Below are records; reproduce exactly the lines from the one that has "X136284037Y-86210272D01*" through the one that has "X134609523Y-82371428D01*", ends included, and nothing more.

==== DATASET CONTENT ====

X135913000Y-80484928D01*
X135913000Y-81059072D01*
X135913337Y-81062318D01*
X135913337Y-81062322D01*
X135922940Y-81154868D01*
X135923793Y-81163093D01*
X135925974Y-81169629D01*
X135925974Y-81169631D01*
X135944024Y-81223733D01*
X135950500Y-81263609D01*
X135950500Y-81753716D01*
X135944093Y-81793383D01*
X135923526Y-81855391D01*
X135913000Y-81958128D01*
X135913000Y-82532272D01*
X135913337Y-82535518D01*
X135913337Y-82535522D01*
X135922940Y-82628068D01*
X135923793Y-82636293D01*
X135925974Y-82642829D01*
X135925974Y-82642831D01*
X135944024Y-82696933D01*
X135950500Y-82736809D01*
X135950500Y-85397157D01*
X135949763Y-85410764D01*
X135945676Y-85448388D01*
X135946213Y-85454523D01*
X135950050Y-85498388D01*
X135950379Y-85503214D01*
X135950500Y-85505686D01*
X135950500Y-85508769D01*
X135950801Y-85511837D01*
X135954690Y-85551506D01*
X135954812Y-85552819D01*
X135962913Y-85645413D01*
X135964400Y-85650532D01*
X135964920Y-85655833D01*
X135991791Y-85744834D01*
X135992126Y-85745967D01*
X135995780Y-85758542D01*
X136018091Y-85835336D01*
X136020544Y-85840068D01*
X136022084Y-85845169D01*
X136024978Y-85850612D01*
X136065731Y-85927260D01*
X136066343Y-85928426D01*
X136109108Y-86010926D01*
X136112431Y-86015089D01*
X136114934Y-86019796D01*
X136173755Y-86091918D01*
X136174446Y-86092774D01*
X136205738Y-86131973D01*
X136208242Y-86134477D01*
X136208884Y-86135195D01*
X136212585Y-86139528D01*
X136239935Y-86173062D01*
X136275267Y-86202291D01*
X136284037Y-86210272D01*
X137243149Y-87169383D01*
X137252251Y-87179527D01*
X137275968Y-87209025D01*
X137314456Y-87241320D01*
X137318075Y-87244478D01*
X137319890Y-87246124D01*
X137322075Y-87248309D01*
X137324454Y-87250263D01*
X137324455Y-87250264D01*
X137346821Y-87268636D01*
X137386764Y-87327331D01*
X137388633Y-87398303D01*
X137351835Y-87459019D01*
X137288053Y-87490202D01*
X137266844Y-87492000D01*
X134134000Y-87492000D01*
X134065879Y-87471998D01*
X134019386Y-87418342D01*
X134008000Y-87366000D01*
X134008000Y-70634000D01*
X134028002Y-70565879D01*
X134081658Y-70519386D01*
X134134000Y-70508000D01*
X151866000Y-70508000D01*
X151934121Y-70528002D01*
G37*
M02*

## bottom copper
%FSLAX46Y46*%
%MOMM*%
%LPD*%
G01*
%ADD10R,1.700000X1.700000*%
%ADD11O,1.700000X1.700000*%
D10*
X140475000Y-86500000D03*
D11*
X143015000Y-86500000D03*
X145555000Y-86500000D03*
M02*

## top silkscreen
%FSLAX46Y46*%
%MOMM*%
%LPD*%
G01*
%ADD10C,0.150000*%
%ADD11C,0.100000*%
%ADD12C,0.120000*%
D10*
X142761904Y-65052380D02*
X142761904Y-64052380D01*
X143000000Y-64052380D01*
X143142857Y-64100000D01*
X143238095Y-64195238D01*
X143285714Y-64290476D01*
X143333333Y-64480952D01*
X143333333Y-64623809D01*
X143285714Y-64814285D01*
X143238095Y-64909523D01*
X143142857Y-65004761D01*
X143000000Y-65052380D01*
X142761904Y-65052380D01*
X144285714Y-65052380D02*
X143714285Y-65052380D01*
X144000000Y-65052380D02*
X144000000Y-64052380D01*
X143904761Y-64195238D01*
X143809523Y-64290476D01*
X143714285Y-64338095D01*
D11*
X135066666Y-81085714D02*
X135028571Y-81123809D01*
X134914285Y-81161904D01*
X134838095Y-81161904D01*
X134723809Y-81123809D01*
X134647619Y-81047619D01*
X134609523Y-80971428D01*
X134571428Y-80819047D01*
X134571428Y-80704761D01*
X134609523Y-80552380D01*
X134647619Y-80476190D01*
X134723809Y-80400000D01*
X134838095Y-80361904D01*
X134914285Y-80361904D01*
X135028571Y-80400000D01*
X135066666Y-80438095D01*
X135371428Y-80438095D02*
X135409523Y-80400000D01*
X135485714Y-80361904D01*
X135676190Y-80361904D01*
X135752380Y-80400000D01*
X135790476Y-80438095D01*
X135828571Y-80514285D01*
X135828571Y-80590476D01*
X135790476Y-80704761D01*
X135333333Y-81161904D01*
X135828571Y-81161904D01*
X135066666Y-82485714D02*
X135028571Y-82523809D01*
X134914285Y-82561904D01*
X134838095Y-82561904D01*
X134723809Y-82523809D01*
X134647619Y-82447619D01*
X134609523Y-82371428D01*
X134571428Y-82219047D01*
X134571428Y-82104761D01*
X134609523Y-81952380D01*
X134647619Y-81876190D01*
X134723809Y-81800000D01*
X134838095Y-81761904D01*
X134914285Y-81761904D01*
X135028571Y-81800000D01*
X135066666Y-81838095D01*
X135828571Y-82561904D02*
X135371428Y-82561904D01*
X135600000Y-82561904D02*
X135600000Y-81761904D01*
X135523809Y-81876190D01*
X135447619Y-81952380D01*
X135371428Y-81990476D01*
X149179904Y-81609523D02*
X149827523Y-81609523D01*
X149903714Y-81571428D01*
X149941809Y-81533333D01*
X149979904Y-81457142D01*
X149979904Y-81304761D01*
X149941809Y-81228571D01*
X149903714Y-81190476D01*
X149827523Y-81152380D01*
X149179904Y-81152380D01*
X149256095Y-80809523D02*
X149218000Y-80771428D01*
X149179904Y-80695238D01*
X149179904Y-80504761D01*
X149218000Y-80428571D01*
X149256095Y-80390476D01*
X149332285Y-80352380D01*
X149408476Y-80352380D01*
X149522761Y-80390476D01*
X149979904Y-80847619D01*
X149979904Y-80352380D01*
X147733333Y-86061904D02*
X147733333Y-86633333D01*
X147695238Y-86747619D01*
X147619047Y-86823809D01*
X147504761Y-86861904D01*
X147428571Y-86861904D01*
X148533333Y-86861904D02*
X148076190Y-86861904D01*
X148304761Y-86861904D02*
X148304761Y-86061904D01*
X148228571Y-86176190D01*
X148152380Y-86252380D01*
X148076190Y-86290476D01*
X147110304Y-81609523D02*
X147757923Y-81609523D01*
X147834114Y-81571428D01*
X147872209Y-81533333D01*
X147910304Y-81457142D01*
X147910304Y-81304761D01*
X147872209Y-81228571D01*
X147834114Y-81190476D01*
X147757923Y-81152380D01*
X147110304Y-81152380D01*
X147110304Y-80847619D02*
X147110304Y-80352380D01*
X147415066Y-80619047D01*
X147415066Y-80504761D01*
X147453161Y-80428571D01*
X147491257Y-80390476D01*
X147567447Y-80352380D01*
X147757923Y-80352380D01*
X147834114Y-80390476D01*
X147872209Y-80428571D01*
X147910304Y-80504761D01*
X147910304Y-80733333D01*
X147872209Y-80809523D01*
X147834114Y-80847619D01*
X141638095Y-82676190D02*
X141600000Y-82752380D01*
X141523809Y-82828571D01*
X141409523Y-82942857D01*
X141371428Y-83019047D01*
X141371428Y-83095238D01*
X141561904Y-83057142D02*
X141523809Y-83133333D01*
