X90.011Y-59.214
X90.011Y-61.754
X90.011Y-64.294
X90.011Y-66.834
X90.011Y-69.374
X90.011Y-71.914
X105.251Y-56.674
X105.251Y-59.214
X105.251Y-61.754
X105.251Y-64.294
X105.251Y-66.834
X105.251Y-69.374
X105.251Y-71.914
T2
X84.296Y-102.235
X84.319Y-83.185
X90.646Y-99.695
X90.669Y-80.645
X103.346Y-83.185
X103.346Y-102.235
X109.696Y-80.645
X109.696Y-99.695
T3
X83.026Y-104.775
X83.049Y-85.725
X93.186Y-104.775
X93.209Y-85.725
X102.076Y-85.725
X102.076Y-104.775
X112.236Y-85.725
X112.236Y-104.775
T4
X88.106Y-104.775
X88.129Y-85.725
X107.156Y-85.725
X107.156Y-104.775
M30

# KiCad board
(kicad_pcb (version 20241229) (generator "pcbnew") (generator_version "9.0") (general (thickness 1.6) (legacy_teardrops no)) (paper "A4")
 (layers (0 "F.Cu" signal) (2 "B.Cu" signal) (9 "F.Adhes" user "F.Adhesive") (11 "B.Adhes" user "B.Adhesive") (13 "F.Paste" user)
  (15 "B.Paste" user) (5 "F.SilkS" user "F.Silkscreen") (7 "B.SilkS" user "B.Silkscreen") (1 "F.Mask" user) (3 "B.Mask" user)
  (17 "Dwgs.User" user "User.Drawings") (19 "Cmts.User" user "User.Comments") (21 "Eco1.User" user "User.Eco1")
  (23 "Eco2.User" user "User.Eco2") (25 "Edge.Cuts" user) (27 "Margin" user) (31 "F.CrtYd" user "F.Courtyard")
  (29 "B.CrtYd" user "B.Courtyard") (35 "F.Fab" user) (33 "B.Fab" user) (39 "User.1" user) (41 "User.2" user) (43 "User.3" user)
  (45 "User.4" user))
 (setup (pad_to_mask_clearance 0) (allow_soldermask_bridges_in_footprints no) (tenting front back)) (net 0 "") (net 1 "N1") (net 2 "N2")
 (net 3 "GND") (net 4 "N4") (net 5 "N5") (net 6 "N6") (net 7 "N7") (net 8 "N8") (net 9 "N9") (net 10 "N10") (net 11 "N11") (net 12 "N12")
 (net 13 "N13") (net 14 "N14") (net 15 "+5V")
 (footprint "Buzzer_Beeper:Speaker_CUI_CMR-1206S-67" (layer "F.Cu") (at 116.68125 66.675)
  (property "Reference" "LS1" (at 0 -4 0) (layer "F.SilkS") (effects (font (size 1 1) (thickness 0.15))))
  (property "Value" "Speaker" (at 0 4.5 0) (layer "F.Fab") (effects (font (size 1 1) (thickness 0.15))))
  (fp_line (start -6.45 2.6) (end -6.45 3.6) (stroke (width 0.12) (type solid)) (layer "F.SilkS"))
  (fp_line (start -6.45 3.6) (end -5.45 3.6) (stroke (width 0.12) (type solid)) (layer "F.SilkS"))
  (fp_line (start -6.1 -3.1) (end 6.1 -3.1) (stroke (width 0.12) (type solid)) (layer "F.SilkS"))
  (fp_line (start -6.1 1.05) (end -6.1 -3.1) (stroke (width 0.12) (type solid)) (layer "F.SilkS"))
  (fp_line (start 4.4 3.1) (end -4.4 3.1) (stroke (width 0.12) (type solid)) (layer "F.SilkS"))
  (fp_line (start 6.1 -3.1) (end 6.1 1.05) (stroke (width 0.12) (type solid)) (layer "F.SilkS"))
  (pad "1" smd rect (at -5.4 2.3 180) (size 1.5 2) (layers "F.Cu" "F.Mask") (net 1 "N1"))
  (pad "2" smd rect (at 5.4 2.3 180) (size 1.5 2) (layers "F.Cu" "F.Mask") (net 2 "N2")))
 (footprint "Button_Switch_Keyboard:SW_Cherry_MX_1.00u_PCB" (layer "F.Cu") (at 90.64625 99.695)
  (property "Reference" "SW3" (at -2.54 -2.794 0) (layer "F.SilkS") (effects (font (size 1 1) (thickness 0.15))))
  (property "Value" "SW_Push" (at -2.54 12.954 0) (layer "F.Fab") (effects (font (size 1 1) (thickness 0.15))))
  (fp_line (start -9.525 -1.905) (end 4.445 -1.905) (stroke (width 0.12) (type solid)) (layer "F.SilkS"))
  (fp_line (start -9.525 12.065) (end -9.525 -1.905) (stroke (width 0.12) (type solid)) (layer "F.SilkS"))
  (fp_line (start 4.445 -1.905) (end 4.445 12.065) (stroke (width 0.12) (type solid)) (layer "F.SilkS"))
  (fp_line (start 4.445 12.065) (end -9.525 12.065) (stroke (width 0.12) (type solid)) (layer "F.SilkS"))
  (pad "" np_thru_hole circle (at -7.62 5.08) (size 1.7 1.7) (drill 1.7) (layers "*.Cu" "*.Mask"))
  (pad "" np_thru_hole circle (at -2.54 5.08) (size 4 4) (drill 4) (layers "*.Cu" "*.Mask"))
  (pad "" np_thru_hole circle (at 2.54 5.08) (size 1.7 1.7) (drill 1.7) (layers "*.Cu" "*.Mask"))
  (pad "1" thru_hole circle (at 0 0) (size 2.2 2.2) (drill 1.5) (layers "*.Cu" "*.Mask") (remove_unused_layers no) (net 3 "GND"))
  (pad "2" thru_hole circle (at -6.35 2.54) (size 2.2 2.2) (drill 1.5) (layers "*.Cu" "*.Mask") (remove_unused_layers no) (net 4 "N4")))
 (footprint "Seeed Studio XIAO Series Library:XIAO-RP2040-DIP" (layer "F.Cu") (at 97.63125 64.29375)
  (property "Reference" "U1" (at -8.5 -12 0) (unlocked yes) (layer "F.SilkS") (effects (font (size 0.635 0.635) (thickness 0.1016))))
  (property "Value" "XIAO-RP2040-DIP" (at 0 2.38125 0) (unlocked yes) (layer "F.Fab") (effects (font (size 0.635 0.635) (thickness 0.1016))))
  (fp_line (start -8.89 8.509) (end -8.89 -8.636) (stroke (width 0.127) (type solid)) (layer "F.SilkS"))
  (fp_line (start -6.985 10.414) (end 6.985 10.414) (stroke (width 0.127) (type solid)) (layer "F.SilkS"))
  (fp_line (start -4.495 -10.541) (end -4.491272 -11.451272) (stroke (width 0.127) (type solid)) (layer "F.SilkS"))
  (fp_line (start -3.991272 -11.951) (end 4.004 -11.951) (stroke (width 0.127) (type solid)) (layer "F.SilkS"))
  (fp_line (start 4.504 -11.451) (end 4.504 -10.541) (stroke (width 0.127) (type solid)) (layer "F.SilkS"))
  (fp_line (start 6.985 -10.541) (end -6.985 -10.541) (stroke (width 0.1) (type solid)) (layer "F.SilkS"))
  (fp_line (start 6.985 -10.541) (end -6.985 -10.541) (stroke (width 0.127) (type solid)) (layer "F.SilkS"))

====

SOLUTION TO THIS TASK
X136284037Y-86210272D01*
X137243149Y-87169383D01*
X137252251Y-87179527D01*
X137275968Y-87209025D01*
X137314456Y-87241320D01*
X137318075Y-87244478D01*
X137319890Y-87246124D01*
X137322075Y-87248309D01*
X137324454Y-87250263D01*
X137324455Y-87250264D01*
X137346821Y-87268636D01*
X137386764Y-87327331D01*
X137388633Y-87398303D01*
X137351835Y-87459019D01*
X137288053Y-87490202D01*
X137266844Y-87492000D01*
X134134000Y-87492000D01*
X134065879Y-87471998D01*
X134019386Y-87418342D01*
X134008000Y-87366000D01*
X134008000Y-70634000D01*
X134028002Y-70565879D01*
X134081658Y-70519386D01*
X134134000Y-70508000D01*
X151866000Y-70508000D01*
X151934121Y-70528002D01*
G37*
M02*

## bottom copper
%FSLAX46Y46*%
%MOMM*%
%LPD*%
G01*
%ADD10R,1.700000X1.700000*%
%ADD11O,1.700000X1.700000*%
D10*
X140475000Y-86500000D03*
D11*
X143015000Y-86500000D03*
X145555000Y-86500000D03*
M02*

## top silkscreen
%FSLAX46Y46*%
%MOMM*%
%LPD*%
G01*
%ADD10C,0.150000*%
%ADD11C,0.100000*%
%ADD12C,0.120000*%
D10*
X142761904Y-65052380D02*
X142761904Y-64052380D01*
X143000000Y-64052380D01*
X143142857Y-64100000D01*
X143238095Y-64195238D01*
X143285714Y-64290476D01*
X143333333Y-64480952D01*
X143333333Y-64623809D01*
X143285714Y-64814285D01*
X143238095Y-64909523D01*
X143142857Y-65004761D01*
X143000000Y-65052380D01*
X142761904Y-65052380D01*
X144285714Y-65052380D02*
X143714285Y-65052380D01*
X144000000Y-65052380D02*
X144000000Y-64052380D01*
X143904761Y-64195238D01*
X143809523Y-64290476D01*
X143714285Y-64338095D01*
D11*
X135066666Y-81085714D02*
X135028571Y-81123809D01*
X134914285Y-81161904D01*
X134838095Y-81161904D01*
X134723809Y-81123809D01*
X134647619Y-81047619D01*
X134609523Y-80971428D01*
X134571428Y-80819047D01*
X134571428Y-80704761D01*
X134609523Y-80552380D01*
X134647619Y-80476190D01*
X134723809Y-80400000D01*
X134838095Y-80361904D01*
X134914285Y-80361904D01*
X135028571Y-80400000D01*
X135066666Y-80438095D01*
X135371428Y-80438095D02*
X135409523Y-80400000D01*
X135485714Y-80361904D01*
X135676190Y-80361904D01*
X135752380Y-80400000D01*
X135790476Y-80438095D01*
X135828571Y-80514285D01*
X135828571Y-80590476D01*
X135790476Y-80704761D01*
X135333333Y-81161904D01*
X135828571Y-81161904D01*
X135066666Y-82485714D02*
X135028571Y-82523809D01*
X134914285Y-82561904D01*
X134838095Y-82561904D01*
X134723809Y-82523809D01*
X134647619Y-82447619D01*
X134609523Y-82371428D01*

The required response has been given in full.